Our First Amendment reads: " Congress shall make no law respecting an establishment of religion, or prohibiting the free exercise thereof…" The purpose of this amendment was to preclude and to prevent our National Government from ever imposing upon its citizenry a national religion that all peoples of this country would have to adhere to. In addition, this important Amendment makes it clear that we, the people, are entitled to freely exercise our religious beliefs without interference from our National Government. Yet, today, through rulings of various courts, and through the gradual secularization of our country, powerful agents within our government and judiciary want us to read this Establishment Clause as essentially separating or creating a wall of separation of church and state, and thereby mandating that the United States of America is, in essence, a secular state, to which it was created. This viewpoint is not only fundamentally wrong; it is also a grand disservice to our people, and a bastardization of our Constitution.

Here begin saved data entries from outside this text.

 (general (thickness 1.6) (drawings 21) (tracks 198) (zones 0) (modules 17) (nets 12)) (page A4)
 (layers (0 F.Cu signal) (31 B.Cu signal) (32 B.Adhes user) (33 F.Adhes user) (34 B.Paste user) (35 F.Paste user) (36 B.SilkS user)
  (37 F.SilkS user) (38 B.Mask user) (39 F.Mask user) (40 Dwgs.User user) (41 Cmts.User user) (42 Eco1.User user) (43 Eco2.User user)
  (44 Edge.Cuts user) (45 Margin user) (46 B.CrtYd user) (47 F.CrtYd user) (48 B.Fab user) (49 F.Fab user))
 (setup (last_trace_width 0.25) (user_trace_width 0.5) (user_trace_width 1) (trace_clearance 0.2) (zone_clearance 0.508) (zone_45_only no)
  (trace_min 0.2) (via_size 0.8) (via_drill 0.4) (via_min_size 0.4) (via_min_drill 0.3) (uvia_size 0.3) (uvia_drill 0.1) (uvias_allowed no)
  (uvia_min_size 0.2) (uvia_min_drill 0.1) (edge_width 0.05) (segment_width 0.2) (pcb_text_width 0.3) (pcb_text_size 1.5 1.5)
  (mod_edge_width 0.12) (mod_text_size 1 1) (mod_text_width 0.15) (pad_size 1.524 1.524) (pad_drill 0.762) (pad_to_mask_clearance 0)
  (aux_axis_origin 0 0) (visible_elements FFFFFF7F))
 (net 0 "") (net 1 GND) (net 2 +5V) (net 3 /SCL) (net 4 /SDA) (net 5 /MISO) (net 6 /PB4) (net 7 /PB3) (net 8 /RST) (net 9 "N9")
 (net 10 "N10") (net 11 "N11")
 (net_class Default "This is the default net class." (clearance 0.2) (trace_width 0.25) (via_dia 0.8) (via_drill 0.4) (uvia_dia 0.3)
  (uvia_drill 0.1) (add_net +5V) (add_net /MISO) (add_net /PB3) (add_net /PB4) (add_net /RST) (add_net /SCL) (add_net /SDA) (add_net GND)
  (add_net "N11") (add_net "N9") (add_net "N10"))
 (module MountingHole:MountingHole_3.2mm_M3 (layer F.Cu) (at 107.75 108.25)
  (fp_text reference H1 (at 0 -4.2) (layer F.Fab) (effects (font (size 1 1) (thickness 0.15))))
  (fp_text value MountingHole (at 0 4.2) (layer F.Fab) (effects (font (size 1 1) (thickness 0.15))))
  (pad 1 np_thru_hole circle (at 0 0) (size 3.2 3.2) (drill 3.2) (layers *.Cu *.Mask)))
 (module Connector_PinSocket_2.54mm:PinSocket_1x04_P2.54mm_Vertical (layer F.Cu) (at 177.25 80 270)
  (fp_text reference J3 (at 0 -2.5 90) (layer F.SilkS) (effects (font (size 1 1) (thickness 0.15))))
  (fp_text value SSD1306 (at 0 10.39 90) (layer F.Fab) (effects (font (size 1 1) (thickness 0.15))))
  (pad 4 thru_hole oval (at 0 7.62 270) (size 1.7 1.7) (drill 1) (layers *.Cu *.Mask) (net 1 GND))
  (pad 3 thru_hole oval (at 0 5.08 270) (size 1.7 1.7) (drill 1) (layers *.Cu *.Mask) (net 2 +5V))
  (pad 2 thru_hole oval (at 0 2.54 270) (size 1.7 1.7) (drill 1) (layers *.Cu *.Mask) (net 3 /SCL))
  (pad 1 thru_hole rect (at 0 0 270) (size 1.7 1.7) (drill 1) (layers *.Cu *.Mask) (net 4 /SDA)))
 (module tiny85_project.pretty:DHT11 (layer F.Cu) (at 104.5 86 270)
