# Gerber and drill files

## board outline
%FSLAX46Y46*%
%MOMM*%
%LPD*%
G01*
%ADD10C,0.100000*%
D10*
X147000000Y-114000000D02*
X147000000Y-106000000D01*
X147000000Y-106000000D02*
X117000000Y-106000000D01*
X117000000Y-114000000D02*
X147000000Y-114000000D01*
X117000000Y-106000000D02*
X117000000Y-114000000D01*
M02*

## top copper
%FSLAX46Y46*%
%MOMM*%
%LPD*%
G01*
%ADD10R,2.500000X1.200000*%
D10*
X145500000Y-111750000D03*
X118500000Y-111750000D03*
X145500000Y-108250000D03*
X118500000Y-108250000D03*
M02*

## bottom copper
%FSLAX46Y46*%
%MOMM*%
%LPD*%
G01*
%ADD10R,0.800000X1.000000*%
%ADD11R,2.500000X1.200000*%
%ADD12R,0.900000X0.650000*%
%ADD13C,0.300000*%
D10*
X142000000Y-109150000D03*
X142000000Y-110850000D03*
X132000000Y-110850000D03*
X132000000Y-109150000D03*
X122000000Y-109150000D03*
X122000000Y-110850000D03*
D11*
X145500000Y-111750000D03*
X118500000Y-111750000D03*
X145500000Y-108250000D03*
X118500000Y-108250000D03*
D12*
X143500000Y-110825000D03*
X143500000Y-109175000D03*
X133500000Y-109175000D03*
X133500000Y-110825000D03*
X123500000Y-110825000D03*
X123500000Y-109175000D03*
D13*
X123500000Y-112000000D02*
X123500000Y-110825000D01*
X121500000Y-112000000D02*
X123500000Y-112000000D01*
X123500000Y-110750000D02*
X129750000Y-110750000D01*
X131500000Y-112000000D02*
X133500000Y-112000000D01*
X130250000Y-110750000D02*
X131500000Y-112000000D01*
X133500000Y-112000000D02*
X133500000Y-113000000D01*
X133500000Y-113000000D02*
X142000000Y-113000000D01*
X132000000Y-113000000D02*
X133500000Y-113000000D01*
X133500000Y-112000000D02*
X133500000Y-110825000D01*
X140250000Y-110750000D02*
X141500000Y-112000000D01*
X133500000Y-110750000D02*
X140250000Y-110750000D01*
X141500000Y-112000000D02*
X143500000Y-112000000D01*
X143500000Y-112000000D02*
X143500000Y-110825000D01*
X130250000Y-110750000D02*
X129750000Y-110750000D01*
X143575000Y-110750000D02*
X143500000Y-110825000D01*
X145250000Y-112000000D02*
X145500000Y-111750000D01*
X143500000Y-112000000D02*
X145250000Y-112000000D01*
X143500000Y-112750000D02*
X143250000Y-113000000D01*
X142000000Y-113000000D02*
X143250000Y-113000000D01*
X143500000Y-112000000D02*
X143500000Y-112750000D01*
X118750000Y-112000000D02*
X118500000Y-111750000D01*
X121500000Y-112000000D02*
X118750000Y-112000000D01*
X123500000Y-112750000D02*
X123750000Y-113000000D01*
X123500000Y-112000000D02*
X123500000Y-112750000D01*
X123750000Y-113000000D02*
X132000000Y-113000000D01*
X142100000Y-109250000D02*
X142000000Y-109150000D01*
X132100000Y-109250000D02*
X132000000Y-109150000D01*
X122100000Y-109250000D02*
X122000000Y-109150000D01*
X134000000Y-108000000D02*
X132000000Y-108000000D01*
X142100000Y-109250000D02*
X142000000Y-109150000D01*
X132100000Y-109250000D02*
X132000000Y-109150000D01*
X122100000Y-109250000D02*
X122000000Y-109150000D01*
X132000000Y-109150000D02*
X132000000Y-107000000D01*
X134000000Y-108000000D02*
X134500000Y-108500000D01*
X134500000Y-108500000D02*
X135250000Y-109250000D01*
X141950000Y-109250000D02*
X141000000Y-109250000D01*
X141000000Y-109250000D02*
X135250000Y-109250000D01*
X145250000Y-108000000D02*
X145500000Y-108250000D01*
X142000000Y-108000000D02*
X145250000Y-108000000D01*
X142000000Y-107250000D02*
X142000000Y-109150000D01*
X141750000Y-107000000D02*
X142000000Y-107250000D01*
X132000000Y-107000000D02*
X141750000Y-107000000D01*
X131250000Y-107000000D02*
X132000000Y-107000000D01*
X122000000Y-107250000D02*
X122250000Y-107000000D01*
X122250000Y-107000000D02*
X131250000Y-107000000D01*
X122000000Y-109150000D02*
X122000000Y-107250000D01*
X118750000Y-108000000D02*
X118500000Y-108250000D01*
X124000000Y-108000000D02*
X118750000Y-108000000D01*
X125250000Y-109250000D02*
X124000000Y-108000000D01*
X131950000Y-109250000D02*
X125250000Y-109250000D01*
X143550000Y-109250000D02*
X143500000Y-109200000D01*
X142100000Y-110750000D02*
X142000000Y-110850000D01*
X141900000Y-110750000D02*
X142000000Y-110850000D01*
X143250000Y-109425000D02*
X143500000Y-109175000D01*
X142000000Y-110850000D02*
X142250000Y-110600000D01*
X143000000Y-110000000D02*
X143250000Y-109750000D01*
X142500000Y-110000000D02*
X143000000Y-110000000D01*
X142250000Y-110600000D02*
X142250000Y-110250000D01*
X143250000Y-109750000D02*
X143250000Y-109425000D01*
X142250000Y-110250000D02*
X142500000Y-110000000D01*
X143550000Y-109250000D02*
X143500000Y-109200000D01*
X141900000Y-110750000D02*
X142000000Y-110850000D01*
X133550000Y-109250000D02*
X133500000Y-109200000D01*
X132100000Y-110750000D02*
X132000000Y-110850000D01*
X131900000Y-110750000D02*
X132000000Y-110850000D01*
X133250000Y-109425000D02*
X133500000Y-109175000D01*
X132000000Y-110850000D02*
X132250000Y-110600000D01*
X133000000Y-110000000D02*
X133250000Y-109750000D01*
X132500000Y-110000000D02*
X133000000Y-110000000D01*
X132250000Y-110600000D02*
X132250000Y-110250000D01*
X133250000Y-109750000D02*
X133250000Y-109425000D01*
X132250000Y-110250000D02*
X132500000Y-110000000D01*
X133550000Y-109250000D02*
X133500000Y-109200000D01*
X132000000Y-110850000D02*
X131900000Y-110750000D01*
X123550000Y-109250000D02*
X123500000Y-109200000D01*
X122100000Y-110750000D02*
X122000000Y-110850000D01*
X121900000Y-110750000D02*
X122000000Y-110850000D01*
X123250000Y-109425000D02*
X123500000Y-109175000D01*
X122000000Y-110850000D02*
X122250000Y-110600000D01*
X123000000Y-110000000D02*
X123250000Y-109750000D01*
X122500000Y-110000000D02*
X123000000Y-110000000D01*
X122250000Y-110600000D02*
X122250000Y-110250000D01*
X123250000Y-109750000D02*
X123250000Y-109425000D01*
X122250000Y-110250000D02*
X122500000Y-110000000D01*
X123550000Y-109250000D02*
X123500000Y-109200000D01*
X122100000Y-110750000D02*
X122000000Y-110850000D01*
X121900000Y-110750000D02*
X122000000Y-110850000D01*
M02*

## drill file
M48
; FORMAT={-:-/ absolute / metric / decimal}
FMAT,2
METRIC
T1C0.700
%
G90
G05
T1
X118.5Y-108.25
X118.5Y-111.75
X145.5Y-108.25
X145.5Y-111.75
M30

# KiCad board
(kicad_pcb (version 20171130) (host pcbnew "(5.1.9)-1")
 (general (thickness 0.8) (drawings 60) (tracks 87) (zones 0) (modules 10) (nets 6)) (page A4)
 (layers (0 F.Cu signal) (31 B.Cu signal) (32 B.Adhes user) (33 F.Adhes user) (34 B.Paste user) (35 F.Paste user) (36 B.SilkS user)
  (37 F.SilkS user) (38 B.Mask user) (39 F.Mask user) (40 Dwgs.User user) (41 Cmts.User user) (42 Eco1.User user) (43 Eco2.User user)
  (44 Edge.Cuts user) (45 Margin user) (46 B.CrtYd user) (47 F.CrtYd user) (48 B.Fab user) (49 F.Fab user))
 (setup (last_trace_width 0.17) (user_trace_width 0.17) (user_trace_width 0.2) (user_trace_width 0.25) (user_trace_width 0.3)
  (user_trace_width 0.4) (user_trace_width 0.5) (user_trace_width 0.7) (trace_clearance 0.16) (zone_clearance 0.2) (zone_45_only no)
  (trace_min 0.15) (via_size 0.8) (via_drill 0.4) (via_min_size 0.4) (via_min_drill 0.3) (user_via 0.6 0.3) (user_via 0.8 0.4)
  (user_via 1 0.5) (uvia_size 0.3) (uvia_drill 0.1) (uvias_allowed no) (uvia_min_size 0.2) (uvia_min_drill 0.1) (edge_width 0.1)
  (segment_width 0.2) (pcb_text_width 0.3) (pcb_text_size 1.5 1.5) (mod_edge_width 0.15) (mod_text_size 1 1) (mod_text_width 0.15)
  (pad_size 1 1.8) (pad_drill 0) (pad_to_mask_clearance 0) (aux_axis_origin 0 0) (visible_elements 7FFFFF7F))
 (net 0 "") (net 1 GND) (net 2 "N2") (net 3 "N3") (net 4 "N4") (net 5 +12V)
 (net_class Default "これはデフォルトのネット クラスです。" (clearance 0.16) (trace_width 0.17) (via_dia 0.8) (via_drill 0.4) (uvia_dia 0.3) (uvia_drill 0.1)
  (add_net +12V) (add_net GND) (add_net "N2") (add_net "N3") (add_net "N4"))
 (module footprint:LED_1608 (layer B.Cu) (at 142 110 270)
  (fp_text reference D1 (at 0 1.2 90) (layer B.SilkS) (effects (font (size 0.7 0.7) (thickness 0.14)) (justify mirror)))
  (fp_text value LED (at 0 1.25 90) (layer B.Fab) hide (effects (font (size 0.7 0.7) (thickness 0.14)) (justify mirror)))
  (pad 1 smd rect (at -0.85 0 270) (size 1 0.8) (layers B.Cu B.Paste B.Mask) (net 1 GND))
  (pad 2 smd rect (at 0.85 0 270) (size 1 0.8) (layers B.Cu B.Paste B.Mask) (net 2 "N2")))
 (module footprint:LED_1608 (layer B.Cu) (at 132 110 270)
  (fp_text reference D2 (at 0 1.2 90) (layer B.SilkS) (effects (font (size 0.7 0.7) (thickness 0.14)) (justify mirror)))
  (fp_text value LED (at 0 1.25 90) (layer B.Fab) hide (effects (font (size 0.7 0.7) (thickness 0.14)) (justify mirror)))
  (pad 2 smd rect (at 0.85 0 270) (size 1 0.8) (layers B.Cu B.Paste B.Mask) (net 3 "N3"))
  (pad 1 smd rect (at -0.85 0 270) (size 1 0.8) (layers B.Cu B.Paste B.Mask) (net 1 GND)))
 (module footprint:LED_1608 (layer B.Cu) (at 122 110 270)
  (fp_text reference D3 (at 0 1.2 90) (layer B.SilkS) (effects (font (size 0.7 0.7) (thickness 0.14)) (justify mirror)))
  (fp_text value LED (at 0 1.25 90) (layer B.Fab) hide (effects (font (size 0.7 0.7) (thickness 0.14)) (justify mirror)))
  (pad 1 smd rect (at -0.85 0 270) (size 1 0.8) (layers B.Cu B.Paste B.Mask) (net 1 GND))
  (pad 2 smd rect (at 0.85 0 270) (size 1 0.8) (layers B.Cu B.Paste B.Mask) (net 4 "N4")))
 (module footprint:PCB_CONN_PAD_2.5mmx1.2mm (layer F.Cu) (at 145.5 111.75)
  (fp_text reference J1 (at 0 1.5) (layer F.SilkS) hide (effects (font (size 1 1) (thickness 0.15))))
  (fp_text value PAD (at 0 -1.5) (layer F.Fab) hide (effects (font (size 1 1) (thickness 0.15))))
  (pad 1 thru_hole rect (at 0 0) (size 2.5 1.2) (drill 0.7) (layers *.Cu *.Mask) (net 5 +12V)))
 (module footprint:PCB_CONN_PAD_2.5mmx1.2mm (layer F.Cu) (at 118.5 111.75)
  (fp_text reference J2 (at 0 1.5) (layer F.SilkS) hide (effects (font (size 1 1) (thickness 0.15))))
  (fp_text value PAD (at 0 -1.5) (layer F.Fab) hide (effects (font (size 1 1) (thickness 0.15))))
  (pad 1 thru_hole rect (at 0 0) (size 2.5 1.2) (drill 0.7) (layers *.Cu *.Mask) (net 5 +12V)))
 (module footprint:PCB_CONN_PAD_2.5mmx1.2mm (layer F.Cu) (at 145.5 108.25)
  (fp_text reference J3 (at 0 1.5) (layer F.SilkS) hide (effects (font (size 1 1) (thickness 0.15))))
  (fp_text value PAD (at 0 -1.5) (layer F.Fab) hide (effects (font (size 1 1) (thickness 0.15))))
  (pad 1 thru_hole rect (at 0 0) (size 2.5 1.2) (drill 0.7) (layers *.Cu *.Mask) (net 1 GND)))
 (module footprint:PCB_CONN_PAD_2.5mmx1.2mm (layer F.Cu) (at 118.5 108.25)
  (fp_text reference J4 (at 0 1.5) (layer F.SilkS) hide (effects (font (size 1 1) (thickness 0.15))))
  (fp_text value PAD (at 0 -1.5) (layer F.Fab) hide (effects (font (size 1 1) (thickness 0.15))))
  (pad 1 thru_hole rect (at 0 0) (size 2.5 1.2) (drill 0.7) (layers *.Cu *.Mask) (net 1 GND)))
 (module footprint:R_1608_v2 (layer B.Cu) (at 143.5 110 90)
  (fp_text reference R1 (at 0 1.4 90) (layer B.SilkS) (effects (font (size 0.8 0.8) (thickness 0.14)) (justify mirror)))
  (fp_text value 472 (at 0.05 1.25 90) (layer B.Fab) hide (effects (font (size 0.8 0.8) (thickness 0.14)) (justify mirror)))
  (pad 1 smd rect (at -0.825 0 90) (size 0.65 0.9) (layers B.Cu B.Paste B.Mask) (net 5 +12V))
  (pad 2 smd rect (at 0.825 0 90) (size 0.65 0.9) (layers B.Cu B.Paste B.Mask) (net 2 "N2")))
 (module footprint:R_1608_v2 (layer B.Cu) (at 133.5 110 90)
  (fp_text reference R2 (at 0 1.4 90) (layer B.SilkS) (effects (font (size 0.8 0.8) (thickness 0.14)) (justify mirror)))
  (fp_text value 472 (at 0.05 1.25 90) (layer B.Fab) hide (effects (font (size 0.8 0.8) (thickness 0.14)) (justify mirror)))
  (pad 2 smd rect (at 0.825 0 90) (size 0.65 0.9) (layers B.Cu B.Paste B.Mask) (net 3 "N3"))
  (pad 1 smd rect (at -0.825 0 90) (size 0.65 0.9) (layers B.Cu B.Paste B.Mask) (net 5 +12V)))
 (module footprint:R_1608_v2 (layer B.Cu) (at 123.5 110 90)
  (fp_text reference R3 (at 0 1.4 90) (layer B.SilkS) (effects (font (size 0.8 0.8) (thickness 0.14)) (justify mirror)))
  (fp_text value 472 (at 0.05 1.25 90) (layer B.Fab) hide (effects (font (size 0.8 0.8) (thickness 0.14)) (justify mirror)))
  (pad 1 smd rect (at -0.825 0 90) (size 0.65 0.9) (layers B.Cu B.Paste B.Mask) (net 5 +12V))
  (pad 2 smd rect (at 0.825 0 90) (size 0.65 0.9) (layers B.Cu B.Paste B.Mask) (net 4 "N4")))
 (gr_line (start 147 114) (end 147 106) (layer Edge.Cuts) (width 0.1))
 (gr_line (start 147 106) (end 117 106) (layer Edge.Cuts) (width 0.1))
 (gr_line (start 117 114) (end 147 114) (layer Edge.Cuts) (width 0.1))
 (gr_line (start 117 106) (end 117 114) (layer Edge.Cuts) (width 0.1))
 (segment (start 123.5 112) (end 123.5 110.825) (width 0.3) (layer B.Cu) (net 5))
 (segment (start 121.5 112) (end 123.5 112) (width 0.3) (layer B.Cu) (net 5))
 (segment (start 123.5 110.75) (end 129.75 110.75) (width 0.3) (layer B.Cu) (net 5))
 (segment (start 131.5 112) (end 133.5 112) (width 0.3) (layer B.Cu) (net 5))
 (segment (start 130.25 110.75) (end 131.5 112) (width 0.3) (layer B.Cu) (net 5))
 (segment (start 133.5 112) (end 133.5 113) (width 0.3) (layer B.Cu) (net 5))
 (segment (start 133.5 113) (end 142 113) (width 0.3) (layer B.Cu) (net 5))
 (segment (start 132 113) (end 133.5 113) (width 0.3) (layer B.Cu) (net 5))
 (segment (start 133.5 112) (end 133.5 110.825) (width 0.3) (layer B.Cu) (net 5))
 (segment (start 140.25 110.75) (end 141.5 112) (width 0.3) (layer B.Cu) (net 5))
 (segment (start 133.5 110.75) (end 140.25 110.75) (width 0.3) (layer B.Cu) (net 5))
 (segment (start 141.5 112) (end 143.5 112) (width 0.3) (layer B.Cu) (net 5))
 (segment (start 143.5 112) (end 143.5 110.825) (width 0.3) (layer B.Cu) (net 5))
 (segment (start 130.25 110.75) (end 129.75 110.75) (width 0.3) (layer B.Cu) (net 5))
 (segment (start 143.575 110.75) (end 143.5 110.825) (width 0.3) (layer B.Cu) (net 5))
 (segment (start 145.25 112) (end 145.5 111.75) (width 0.3) (layer B.Cu) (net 5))
 (segment (start 143.5 112) (end 145.25 112) (width 0.3) (layer B.Cu) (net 5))
 (segment (start 143.5 112.75) (end 143.25 113) (width 0.3) (layer B.Cu) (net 5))
 (segment (start 142 113) (end 143.25 113) (width 0.3) (layer B.Cu) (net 5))
 (segment (start 143.5 112) (end 143.5 112.75) (width 0.3) (layer B.Cu) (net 5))
 (segment (start 118.75 112) (end 118.5 111.75) (width 0.3) (layer B.Cu) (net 5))
 (segment (start 121.5 112) (end 118.75 112) (width 0.3) (layer B.Cu) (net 5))
 (segment (start 123.5 112.75) (end 123.75 113) (width 0.3) (layer B.Cu) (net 5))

It is important to realize that back in the days when our nation was founded, that national religions in European nations was the norm. For instance, Denmark's established church was the Church of Denmark, England's was the Church of England (Anglican), and France's established church was the Holy Roman Church (Catholicism). The founders of our great nation did not want to repeat this error in America by creating one national church forced upon its citizens. Instead, each State of our union of States had their own established religion such as Massachusetts (Puritan), Pennsylvania (Quaker), Maryland (Catholicism), and Virginia (Anglican). Thomas Jefferson well understood the dangers of even a State-established religion and the vital importance of not being coerced into believing, against a man's own free volition, one religious sect over another, or even being compelled by law to believe in the Almighty at all. Consequently, in 1779, Jefferson wrote and submitted a bill for Religious Freedom in Virginia, which later became enacted in 1786. The Virginia Statute of Religious Freedom meant that: "Be it enacted by General Assembly that no man shall be compelled to frequent or support any religious worship, place, or ministry whatsoever…"
James Madison, Jr., our 4th President, and the "Father of our Constitution", was a fellow Virginian, who was also the man that presented Jefferson's bill to the Virginia legislature, and championed its passage by that legislature, meaning that Madison was intimately familiar with Jefferson's viewpoint on the establishment of a National or State religion, and thereby Madison made it a point by enacting this act as our 1st Amendment to our Constitution, that our National Government would never impose a National and compulsory religion upon its denizens. What this did not mean, however, was that the National Government that we created, was a secular state, because America well understood the merits of religious and moral virtue and the inestimable value of these twin pillars. It meant, instead, that America provided its citizens the freedom to exercise their religious beliefs without interference from or by the State, and further that the National Government would not favor one religious sect over another. This enabled thereby the flourishing of religious sects and beliefs that could not have been attained in a country to which only one established religion was permitted. That is why America, today, has such a diversity of ways to worship our Lord, and recognizes and upholds that each man can seek that Kingdom as he best sees fit.